Below are entries. Reproduce exactly the lines between the line holding "X111.76Y-88.9" and the line holding "X118.11Y-76.2", inclusive, and only those.

Start of Excerpted data

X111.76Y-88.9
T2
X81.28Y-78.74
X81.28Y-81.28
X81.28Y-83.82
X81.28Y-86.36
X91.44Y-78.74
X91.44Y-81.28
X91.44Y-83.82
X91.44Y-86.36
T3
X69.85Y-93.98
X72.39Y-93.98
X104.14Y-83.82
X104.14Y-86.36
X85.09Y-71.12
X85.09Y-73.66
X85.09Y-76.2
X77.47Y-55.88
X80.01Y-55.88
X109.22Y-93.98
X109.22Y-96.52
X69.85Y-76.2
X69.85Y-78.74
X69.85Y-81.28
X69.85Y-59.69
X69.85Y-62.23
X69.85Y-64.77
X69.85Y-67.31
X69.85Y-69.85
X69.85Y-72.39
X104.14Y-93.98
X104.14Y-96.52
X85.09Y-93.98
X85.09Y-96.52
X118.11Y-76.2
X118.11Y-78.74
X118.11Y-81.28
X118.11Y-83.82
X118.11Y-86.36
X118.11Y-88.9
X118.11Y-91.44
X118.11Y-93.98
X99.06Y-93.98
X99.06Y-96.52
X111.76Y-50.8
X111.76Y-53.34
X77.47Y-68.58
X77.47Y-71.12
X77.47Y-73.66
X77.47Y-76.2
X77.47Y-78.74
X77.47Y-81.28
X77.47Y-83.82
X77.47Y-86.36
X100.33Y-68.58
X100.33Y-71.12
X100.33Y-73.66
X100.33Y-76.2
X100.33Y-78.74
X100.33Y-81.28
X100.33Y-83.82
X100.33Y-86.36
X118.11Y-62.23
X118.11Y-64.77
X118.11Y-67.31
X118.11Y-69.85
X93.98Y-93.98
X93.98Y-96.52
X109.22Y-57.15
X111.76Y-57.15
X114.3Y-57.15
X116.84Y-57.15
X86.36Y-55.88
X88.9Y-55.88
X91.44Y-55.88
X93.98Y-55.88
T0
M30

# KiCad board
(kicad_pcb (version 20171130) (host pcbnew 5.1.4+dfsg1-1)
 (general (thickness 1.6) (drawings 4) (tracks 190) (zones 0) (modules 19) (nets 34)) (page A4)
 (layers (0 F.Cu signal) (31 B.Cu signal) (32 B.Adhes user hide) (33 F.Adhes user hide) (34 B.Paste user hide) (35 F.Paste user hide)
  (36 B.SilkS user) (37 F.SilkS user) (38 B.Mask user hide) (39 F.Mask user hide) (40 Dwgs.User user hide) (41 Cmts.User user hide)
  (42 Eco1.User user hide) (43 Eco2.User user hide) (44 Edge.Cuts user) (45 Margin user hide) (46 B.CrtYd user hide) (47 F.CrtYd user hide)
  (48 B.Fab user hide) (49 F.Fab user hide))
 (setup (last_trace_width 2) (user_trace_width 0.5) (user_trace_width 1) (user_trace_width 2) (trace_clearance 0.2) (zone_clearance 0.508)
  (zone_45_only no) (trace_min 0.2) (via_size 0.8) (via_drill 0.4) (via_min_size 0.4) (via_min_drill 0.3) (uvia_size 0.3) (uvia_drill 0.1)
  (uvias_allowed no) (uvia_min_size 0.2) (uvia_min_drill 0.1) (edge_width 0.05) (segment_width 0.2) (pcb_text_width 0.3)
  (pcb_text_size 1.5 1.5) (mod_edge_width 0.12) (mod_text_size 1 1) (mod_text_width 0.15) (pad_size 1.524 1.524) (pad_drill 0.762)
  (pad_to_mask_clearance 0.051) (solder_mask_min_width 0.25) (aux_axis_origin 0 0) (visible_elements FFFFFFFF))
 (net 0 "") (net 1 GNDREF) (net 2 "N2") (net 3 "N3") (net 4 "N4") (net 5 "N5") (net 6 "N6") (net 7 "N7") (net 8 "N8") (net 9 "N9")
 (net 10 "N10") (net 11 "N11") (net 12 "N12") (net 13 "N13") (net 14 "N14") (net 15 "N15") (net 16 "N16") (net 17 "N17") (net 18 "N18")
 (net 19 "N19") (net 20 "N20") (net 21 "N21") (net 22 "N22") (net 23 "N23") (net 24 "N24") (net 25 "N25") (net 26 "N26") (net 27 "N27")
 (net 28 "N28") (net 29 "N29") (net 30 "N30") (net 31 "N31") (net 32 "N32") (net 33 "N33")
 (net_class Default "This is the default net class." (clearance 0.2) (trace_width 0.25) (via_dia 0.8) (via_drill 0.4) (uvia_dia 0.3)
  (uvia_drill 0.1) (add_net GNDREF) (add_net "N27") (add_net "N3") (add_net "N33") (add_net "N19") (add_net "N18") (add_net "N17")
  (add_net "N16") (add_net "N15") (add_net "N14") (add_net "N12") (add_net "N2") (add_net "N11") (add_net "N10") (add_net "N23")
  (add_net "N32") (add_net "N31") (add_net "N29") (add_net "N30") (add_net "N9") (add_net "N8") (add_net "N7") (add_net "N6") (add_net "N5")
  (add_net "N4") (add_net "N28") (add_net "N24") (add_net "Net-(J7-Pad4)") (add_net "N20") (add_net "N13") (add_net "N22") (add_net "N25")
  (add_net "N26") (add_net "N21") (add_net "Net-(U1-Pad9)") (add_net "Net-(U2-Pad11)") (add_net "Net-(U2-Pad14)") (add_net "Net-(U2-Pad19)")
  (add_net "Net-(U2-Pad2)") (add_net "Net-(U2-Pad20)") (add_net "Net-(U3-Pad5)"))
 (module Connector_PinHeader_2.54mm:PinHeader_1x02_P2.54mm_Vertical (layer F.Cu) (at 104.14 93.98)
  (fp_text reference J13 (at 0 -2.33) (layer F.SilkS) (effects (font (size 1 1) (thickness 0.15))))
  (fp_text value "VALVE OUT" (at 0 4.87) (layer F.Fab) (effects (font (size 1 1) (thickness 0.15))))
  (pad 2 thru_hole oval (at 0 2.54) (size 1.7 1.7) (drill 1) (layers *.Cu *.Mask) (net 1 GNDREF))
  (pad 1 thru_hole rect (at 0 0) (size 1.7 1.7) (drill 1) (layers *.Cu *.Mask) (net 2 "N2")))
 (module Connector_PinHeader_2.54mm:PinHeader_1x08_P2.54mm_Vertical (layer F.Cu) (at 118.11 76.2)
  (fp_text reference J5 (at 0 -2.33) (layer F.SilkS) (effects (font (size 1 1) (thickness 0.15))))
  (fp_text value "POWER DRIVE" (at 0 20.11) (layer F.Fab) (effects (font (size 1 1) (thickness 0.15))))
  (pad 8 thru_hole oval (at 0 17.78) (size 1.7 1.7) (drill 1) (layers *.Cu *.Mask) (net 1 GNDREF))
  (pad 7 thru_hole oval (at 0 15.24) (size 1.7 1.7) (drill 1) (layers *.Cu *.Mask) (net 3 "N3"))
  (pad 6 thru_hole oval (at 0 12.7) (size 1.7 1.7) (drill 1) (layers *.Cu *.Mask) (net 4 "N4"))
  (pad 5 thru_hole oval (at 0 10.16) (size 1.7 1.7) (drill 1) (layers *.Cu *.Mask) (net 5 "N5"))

End of Excerpted data
Start of Excerpted data

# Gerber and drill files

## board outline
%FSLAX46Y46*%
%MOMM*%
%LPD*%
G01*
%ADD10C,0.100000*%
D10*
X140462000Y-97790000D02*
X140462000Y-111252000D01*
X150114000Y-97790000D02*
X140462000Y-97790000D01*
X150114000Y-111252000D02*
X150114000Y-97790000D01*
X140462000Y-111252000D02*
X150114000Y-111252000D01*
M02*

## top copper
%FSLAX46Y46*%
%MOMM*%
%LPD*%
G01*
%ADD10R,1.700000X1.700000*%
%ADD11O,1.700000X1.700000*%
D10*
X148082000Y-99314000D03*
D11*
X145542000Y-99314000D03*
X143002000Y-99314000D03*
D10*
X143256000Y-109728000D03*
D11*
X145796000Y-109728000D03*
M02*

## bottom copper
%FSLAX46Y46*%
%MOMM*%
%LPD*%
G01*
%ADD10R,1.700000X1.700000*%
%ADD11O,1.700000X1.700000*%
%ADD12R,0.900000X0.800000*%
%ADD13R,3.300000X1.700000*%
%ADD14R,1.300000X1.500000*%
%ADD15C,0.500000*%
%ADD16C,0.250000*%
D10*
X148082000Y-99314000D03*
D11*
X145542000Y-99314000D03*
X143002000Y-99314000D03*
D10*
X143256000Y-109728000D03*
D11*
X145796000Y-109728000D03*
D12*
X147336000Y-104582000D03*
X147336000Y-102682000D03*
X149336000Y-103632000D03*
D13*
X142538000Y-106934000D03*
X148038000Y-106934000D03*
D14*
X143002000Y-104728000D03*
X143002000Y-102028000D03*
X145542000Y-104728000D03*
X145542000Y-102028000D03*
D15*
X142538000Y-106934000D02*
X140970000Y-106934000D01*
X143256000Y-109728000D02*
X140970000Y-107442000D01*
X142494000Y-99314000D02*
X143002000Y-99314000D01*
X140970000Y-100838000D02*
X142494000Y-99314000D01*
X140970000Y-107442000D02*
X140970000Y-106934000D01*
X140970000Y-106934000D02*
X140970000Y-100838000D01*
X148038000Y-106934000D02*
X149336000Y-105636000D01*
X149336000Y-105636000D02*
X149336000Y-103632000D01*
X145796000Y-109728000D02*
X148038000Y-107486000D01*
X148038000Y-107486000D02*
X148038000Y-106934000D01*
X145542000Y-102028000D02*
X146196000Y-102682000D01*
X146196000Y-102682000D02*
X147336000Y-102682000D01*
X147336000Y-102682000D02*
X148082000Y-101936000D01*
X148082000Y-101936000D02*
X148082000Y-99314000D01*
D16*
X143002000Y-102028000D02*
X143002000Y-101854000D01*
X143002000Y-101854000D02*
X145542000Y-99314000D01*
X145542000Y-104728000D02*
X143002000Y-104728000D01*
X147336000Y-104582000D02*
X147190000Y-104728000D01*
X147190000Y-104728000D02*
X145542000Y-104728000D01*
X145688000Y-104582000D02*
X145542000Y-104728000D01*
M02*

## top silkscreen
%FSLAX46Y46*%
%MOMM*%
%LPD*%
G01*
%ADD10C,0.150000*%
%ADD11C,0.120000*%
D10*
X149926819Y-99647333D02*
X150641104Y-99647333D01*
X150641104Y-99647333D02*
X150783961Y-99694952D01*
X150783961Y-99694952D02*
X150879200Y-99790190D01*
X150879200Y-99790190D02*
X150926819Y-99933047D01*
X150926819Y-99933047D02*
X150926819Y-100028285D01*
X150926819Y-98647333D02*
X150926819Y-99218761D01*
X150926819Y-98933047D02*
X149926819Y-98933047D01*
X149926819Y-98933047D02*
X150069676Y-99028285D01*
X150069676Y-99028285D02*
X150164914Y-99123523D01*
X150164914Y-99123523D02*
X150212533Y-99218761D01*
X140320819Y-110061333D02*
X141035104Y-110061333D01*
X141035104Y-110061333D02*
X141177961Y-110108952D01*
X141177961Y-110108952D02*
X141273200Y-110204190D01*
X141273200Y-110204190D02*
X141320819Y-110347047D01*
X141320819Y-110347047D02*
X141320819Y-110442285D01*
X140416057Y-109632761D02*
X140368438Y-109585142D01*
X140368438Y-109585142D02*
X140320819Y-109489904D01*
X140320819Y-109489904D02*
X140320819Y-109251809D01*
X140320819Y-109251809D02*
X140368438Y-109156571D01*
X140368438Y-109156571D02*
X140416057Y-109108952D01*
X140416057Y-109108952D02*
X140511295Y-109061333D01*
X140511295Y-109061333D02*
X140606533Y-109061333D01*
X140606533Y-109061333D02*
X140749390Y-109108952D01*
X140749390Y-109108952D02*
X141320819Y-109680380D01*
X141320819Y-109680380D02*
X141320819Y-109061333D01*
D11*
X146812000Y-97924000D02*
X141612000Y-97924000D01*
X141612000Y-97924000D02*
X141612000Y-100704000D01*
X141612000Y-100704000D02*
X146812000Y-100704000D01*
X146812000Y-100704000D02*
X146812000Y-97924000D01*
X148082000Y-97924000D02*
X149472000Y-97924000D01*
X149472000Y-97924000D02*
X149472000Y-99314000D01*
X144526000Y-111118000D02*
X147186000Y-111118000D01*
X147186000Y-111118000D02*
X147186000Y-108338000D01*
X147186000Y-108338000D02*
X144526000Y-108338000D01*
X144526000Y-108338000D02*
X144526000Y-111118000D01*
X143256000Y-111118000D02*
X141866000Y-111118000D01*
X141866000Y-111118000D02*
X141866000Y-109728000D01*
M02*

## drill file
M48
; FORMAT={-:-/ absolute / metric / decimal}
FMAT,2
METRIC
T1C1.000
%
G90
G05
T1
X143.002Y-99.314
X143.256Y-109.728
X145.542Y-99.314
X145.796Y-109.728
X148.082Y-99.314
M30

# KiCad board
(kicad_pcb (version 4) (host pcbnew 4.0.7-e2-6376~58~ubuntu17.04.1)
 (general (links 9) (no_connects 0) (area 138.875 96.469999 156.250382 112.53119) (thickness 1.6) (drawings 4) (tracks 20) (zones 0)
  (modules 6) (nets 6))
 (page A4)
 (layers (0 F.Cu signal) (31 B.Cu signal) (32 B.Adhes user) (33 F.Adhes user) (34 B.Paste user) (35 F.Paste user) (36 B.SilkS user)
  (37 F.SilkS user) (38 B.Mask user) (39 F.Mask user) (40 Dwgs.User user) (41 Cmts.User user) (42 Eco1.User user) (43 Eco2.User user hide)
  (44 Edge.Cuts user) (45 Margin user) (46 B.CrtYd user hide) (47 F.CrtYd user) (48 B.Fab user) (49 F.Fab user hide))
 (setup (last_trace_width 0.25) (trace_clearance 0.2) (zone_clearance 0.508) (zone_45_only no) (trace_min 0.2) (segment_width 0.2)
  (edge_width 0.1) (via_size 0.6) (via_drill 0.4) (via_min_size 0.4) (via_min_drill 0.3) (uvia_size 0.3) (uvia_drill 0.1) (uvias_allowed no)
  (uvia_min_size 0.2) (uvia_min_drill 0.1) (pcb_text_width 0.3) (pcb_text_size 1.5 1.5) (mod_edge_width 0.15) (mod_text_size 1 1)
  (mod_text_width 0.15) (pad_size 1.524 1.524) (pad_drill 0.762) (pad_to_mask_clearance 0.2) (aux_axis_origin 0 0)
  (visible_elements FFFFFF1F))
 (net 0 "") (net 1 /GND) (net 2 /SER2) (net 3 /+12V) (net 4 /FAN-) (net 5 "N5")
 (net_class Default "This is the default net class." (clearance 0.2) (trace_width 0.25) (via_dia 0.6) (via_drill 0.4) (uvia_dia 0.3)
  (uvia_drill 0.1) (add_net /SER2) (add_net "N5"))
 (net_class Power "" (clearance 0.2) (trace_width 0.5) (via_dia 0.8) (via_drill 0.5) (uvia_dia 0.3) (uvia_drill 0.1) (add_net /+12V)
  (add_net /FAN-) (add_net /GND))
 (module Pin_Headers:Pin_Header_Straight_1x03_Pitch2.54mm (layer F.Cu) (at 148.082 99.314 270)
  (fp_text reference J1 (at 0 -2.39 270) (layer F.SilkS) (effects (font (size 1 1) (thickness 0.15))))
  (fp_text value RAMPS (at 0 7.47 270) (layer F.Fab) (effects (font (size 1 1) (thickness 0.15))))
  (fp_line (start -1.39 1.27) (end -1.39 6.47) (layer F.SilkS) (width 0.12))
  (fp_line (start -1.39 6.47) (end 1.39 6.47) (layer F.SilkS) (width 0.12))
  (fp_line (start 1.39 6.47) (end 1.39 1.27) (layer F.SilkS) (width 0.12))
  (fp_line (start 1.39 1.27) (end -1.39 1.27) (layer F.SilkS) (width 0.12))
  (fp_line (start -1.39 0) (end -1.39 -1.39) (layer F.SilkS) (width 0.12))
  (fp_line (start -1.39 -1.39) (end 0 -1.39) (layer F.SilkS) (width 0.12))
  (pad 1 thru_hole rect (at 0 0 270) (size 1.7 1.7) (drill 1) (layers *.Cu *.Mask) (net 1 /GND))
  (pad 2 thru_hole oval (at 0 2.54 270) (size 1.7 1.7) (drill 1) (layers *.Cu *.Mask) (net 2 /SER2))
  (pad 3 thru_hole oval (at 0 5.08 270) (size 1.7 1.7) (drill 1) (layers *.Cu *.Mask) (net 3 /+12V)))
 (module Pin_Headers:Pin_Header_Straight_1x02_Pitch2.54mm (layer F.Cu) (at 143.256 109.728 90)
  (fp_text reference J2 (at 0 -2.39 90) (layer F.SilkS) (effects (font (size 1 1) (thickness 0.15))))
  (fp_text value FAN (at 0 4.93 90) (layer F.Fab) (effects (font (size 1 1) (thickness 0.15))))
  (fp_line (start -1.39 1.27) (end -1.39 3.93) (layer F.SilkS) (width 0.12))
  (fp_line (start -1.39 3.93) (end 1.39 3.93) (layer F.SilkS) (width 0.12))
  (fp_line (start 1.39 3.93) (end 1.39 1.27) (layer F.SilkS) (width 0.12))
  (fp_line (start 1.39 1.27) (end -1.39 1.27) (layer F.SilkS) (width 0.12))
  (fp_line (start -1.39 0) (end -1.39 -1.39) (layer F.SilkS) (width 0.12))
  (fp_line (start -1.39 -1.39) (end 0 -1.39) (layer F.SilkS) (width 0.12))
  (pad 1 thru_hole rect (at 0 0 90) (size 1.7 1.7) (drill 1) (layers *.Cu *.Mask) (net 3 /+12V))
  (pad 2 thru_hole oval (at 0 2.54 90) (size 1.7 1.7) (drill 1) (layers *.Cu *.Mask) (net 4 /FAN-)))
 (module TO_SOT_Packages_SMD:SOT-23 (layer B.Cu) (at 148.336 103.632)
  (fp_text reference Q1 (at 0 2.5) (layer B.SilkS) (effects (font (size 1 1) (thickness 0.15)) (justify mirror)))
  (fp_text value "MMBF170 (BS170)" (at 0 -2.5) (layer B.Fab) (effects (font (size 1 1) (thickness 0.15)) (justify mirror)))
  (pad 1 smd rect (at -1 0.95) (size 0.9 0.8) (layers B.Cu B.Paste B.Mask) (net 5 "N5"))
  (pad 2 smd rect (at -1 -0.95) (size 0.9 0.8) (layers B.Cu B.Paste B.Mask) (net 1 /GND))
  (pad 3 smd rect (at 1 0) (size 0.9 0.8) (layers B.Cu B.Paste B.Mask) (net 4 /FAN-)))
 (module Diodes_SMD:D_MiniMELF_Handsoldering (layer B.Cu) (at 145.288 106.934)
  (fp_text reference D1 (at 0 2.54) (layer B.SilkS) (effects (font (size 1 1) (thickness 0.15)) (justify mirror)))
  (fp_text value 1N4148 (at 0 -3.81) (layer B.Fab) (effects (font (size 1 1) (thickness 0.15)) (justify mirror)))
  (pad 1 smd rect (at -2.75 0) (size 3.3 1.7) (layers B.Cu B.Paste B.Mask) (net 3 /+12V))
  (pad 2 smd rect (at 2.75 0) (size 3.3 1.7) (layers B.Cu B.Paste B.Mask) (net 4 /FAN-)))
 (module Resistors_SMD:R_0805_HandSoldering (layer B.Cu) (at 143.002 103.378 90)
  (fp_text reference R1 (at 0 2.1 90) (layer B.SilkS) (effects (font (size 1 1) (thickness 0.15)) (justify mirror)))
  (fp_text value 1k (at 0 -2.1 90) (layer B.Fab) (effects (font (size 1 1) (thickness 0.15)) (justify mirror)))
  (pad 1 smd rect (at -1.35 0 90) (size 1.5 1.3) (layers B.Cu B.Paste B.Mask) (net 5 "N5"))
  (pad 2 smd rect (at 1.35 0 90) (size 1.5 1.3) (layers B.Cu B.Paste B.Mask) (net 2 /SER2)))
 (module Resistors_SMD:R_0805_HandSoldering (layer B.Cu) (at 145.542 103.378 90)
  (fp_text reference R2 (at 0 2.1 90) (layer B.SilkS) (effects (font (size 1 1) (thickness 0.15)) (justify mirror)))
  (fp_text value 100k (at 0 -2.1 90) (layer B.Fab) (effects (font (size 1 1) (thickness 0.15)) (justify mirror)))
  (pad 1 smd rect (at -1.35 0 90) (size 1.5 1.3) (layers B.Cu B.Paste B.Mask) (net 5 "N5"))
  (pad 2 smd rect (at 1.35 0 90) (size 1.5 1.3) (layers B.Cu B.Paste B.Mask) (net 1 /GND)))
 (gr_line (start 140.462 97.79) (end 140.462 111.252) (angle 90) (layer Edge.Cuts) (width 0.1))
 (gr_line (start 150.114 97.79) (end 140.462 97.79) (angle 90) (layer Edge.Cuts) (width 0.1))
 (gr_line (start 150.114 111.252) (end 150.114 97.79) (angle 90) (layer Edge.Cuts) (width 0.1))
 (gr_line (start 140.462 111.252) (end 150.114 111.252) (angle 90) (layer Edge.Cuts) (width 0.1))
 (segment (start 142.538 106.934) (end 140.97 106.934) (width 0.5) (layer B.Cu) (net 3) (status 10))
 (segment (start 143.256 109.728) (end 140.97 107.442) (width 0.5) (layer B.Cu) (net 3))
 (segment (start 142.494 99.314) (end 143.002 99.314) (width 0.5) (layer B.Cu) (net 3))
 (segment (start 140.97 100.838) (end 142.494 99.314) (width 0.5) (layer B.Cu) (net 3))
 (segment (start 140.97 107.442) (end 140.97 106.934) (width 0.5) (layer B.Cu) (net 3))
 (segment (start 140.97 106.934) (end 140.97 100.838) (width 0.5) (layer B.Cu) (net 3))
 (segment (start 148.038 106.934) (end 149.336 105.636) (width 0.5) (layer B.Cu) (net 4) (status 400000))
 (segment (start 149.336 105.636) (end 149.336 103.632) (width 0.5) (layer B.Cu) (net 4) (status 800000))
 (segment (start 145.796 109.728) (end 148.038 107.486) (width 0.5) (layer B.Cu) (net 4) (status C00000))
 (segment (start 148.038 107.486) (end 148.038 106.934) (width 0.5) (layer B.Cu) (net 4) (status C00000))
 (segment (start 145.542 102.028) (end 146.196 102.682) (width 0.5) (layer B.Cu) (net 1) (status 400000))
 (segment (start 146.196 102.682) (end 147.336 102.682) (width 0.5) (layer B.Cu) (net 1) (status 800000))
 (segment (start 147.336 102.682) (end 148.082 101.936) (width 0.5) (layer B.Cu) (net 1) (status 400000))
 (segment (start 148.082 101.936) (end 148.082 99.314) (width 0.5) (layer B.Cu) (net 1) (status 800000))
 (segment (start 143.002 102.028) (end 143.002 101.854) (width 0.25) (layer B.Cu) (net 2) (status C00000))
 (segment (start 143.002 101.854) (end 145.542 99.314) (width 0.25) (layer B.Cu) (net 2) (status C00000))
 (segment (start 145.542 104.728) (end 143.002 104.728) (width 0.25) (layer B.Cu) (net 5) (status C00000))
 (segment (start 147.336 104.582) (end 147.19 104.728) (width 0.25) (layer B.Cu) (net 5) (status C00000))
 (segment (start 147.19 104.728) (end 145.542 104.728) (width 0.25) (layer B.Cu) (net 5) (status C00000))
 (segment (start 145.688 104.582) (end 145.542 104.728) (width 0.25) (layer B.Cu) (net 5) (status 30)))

End of Excerpted data
Start of Excerpted data

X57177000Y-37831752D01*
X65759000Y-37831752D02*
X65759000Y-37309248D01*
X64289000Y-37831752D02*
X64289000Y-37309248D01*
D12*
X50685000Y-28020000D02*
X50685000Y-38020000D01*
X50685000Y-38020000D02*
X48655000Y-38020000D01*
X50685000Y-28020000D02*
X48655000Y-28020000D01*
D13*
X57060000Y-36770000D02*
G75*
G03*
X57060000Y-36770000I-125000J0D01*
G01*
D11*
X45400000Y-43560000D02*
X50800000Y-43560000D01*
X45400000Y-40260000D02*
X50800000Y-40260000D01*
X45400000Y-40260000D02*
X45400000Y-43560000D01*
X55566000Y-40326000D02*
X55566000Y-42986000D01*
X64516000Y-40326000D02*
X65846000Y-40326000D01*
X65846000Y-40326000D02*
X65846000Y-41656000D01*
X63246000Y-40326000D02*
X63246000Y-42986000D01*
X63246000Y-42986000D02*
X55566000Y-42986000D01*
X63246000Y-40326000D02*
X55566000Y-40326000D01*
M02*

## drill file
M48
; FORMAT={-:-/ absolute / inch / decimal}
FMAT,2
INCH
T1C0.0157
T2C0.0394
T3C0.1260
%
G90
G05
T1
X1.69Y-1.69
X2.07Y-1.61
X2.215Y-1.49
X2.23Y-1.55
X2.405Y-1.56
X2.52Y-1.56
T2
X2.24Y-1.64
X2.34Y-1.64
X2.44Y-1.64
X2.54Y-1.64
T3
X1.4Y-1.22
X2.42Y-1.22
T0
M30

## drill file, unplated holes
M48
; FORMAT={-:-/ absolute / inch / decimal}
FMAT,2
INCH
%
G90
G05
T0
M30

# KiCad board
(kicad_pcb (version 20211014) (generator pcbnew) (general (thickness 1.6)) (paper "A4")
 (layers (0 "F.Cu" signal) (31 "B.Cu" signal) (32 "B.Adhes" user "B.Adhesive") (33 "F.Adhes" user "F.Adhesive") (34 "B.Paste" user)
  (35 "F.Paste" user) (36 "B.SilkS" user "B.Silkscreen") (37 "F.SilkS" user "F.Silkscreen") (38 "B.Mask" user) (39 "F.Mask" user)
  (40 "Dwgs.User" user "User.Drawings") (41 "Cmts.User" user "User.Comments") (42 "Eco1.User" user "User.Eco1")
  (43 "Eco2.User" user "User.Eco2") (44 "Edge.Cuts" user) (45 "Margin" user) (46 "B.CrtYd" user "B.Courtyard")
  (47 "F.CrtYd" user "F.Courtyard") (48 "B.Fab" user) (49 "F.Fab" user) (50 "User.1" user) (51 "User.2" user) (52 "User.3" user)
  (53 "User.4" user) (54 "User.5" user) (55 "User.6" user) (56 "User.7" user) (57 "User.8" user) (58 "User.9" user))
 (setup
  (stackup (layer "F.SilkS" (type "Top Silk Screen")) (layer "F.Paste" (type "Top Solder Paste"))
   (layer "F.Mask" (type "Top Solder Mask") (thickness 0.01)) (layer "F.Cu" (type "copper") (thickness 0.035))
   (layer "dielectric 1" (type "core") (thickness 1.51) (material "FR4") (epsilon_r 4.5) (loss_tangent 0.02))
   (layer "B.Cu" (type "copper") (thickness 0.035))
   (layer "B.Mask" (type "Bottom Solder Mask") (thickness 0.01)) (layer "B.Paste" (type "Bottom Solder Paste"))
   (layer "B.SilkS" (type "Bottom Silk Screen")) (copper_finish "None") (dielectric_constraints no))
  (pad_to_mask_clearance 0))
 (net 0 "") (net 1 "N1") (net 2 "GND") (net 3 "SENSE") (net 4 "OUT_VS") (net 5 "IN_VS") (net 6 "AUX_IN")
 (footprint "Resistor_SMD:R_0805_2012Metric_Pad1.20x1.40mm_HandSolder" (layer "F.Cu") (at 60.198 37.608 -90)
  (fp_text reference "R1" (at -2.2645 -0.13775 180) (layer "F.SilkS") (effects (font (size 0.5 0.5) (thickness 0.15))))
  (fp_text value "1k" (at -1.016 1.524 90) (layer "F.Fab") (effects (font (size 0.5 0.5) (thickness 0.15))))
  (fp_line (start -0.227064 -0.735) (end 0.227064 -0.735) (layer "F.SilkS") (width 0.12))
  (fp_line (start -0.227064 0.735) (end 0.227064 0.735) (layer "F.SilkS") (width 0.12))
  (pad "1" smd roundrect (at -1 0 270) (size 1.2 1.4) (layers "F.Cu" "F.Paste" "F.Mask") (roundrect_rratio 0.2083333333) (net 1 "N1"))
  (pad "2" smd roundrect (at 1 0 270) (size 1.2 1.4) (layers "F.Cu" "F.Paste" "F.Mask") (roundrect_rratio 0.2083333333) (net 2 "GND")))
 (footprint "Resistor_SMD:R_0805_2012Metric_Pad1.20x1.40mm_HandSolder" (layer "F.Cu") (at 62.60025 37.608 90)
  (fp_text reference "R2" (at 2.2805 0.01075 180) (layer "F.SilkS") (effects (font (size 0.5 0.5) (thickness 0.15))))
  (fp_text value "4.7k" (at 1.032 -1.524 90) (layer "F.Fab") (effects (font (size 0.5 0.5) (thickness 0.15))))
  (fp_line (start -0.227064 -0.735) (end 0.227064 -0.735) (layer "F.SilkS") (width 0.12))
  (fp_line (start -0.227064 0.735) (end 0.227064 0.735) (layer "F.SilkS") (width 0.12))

End of Excerpted data

### Written answer:
X111.76Y-88.9
T2
X81.28Y-78.74
X81.28Y-81.28
X81.28Y-83.82
X81.28Y-86.36
X91.44Y-78.74
X91.44Y-81.28
X91.44Y-83.82
X91.44Y-86.36
T3
X69.85Y-93.98
X72.39Y-93.98
X104.14Y-83.82
X104.14Y-86.36
X85.09Y-71.12
X85.09Y-73.66
X85.09Y-76.2
X77.47Y-55.88
X80.01Y-55.88
X109.22Y-93.98
X109.22Y-96.52
X69.85Y-76.2
X69.85Y-78.74
X69.85Y-81.28
X69.85Y-59.69
X69.85Y-62.23
X69.85Y-64.77
X69.85Y-67.31
X69.85Y-69.85
X69.85Y-72.39
X104.14Y-93.98
X104.14Y-96.52
X85.09Y-93.98
X85.09Y-96.52
X118.11Y-76.2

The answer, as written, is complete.